About this task
With the first line below as the start and the line containing "X6.1024Y-3.0315" as the end, copy every line between them exactly, ends included.
Top of Provided entries
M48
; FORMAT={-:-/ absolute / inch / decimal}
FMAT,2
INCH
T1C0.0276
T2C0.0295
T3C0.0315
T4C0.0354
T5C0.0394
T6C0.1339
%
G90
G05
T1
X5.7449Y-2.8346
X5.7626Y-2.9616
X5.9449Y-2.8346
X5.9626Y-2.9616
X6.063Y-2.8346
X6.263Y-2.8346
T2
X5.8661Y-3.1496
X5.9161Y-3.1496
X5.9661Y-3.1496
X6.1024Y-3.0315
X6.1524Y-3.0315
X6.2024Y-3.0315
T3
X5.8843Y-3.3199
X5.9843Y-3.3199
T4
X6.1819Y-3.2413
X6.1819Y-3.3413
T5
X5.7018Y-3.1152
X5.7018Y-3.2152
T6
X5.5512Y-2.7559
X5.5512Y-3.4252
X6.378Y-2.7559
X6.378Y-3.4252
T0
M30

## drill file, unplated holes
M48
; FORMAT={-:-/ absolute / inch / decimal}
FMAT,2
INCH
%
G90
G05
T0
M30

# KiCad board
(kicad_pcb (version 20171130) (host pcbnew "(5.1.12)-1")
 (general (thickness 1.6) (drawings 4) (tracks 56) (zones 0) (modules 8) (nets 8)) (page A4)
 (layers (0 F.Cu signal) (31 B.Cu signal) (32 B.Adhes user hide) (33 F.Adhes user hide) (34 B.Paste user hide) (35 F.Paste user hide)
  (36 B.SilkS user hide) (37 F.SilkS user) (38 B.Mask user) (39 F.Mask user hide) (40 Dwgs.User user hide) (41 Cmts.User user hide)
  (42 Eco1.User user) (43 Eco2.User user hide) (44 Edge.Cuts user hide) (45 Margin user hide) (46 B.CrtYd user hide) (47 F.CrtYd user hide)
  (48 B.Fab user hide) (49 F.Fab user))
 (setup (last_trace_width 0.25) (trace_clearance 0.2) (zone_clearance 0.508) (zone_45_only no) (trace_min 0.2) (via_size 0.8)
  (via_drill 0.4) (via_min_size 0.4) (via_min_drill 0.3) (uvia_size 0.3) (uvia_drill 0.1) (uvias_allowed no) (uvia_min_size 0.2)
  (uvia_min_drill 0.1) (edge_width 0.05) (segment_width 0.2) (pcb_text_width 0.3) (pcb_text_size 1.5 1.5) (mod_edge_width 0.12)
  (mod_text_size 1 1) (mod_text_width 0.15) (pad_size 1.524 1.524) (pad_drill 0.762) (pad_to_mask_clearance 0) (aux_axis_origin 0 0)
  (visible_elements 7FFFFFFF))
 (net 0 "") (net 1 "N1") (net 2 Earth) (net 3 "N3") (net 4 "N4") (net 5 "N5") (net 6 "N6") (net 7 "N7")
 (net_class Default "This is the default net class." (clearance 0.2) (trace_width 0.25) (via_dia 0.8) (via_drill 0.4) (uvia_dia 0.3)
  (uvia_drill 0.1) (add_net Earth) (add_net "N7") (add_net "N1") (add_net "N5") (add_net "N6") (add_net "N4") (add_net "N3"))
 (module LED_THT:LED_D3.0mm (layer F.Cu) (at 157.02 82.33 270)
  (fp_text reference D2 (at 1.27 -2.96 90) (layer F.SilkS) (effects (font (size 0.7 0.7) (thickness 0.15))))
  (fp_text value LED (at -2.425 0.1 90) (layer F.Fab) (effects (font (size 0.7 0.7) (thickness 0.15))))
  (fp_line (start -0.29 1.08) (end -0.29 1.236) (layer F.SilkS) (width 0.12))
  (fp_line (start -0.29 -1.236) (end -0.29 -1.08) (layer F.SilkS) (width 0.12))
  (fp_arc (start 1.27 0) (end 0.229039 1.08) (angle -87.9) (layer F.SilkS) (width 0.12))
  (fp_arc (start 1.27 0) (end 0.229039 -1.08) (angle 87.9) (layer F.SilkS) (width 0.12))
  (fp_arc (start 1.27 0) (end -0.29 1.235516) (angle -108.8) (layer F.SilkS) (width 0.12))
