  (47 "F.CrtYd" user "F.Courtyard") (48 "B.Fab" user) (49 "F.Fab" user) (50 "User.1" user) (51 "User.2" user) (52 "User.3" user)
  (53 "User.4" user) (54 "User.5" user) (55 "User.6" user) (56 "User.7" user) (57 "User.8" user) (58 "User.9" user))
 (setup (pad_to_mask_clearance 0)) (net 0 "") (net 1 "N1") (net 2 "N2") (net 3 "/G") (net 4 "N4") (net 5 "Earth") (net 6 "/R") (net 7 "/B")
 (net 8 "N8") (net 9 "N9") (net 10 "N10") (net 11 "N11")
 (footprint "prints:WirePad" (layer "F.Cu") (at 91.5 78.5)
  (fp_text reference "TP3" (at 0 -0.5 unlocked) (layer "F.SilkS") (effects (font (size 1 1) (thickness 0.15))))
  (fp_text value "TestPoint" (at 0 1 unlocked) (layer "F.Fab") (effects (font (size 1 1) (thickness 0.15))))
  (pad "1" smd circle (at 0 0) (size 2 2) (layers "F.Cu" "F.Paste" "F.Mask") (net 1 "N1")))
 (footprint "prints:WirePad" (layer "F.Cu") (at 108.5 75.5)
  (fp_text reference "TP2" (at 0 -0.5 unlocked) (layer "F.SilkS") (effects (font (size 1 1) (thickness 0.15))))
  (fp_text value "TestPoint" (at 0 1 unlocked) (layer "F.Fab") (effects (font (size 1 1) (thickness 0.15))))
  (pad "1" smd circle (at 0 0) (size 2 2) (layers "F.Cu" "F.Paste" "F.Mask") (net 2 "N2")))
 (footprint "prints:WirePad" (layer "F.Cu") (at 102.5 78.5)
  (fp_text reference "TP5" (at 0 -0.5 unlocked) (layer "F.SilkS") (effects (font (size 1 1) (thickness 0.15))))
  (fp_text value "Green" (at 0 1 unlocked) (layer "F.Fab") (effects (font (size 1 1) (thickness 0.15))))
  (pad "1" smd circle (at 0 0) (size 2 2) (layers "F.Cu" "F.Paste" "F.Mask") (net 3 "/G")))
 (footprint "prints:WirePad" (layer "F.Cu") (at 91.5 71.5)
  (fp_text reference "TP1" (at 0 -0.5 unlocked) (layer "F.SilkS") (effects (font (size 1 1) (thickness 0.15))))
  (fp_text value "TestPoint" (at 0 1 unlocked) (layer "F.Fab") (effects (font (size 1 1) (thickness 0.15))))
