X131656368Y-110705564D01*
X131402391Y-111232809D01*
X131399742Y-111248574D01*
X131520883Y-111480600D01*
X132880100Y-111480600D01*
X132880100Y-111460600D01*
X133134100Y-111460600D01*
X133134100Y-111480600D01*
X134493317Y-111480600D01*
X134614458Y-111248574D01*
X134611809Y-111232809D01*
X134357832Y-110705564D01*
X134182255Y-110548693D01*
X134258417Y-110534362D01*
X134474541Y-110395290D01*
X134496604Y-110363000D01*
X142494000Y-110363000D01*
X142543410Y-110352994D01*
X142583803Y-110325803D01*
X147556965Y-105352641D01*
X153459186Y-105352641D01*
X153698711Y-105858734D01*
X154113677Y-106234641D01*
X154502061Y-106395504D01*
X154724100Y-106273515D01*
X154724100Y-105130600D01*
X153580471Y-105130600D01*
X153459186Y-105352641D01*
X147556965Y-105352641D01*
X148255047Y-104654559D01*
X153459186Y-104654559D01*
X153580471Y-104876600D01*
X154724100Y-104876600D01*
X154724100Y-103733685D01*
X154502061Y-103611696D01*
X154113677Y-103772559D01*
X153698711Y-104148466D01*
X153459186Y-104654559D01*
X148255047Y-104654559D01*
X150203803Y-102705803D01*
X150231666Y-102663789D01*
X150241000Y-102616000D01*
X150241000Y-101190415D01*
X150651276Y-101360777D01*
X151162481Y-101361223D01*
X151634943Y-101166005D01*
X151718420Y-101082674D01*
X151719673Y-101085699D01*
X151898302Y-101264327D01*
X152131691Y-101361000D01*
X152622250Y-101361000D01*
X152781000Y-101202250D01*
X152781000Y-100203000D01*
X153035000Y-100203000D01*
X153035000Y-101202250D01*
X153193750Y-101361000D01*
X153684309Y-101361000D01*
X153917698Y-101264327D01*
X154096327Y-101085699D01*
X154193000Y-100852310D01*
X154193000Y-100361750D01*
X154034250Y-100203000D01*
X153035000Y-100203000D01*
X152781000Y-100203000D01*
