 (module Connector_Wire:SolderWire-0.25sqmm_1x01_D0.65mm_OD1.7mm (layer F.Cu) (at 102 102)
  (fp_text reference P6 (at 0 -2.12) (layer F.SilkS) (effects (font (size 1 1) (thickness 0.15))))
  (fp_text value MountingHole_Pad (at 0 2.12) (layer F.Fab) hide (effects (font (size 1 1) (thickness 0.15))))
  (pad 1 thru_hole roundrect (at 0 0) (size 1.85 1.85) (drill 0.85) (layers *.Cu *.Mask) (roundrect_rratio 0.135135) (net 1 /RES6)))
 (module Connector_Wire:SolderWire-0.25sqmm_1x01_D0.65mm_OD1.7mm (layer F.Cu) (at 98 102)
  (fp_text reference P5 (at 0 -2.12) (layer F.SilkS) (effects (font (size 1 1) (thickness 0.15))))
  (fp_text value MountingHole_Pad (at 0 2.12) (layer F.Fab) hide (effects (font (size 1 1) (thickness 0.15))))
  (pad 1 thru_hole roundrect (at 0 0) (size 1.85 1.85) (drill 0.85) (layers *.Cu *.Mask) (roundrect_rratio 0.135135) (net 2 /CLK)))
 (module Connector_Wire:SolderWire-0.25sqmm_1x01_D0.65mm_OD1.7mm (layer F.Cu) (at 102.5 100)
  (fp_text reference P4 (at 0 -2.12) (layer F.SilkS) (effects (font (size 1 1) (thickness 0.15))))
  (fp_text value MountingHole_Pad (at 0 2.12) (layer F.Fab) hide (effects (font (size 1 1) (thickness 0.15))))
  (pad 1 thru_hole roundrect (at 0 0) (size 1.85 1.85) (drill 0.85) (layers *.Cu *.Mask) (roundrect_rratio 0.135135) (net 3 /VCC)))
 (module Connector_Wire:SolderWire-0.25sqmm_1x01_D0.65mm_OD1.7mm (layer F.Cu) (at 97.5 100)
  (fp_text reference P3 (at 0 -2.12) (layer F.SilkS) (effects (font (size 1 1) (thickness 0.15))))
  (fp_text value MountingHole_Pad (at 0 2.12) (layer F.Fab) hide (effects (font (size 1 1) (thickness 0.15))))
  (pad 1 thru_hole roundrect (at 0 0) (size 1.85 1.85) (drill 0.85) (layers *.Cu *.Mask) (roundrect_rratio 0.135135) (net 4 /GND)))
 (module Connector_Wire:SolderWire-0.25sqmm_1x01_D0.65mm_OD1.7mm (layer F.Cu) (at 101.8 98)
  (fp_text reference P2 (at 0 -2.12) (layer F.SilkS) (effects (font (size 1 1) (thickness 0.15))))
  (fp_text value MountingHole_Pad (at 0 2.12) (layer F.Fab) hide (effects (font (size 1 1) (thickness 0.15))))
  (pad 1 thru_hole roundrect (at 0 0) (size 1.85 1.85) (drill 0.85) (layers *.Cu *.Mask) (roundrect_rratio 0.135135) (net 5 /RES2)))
Bottom of Provided entries
Task solution
M48
; FORMAT={-:-/ absolute / inch / decimal}
FMAT,2
INCH
T1C0.0276
T2C0.0295
T3C0.0315
T4C0.0354
T5C0.0394
T6C0.1339
%
G90
G05
T1
X5.7449Y-2.8346
X5.7626Y-2.9616
X5.9449Y-2.8346
X5.9626Y-2.9616
X6.063Y-2.8346
X6.263Y-2.8346
T2
X5.8661Y-3.1496
X5.9161Y-3.1496
X5.9661Y-3.1496
X6.1024Y-3.0315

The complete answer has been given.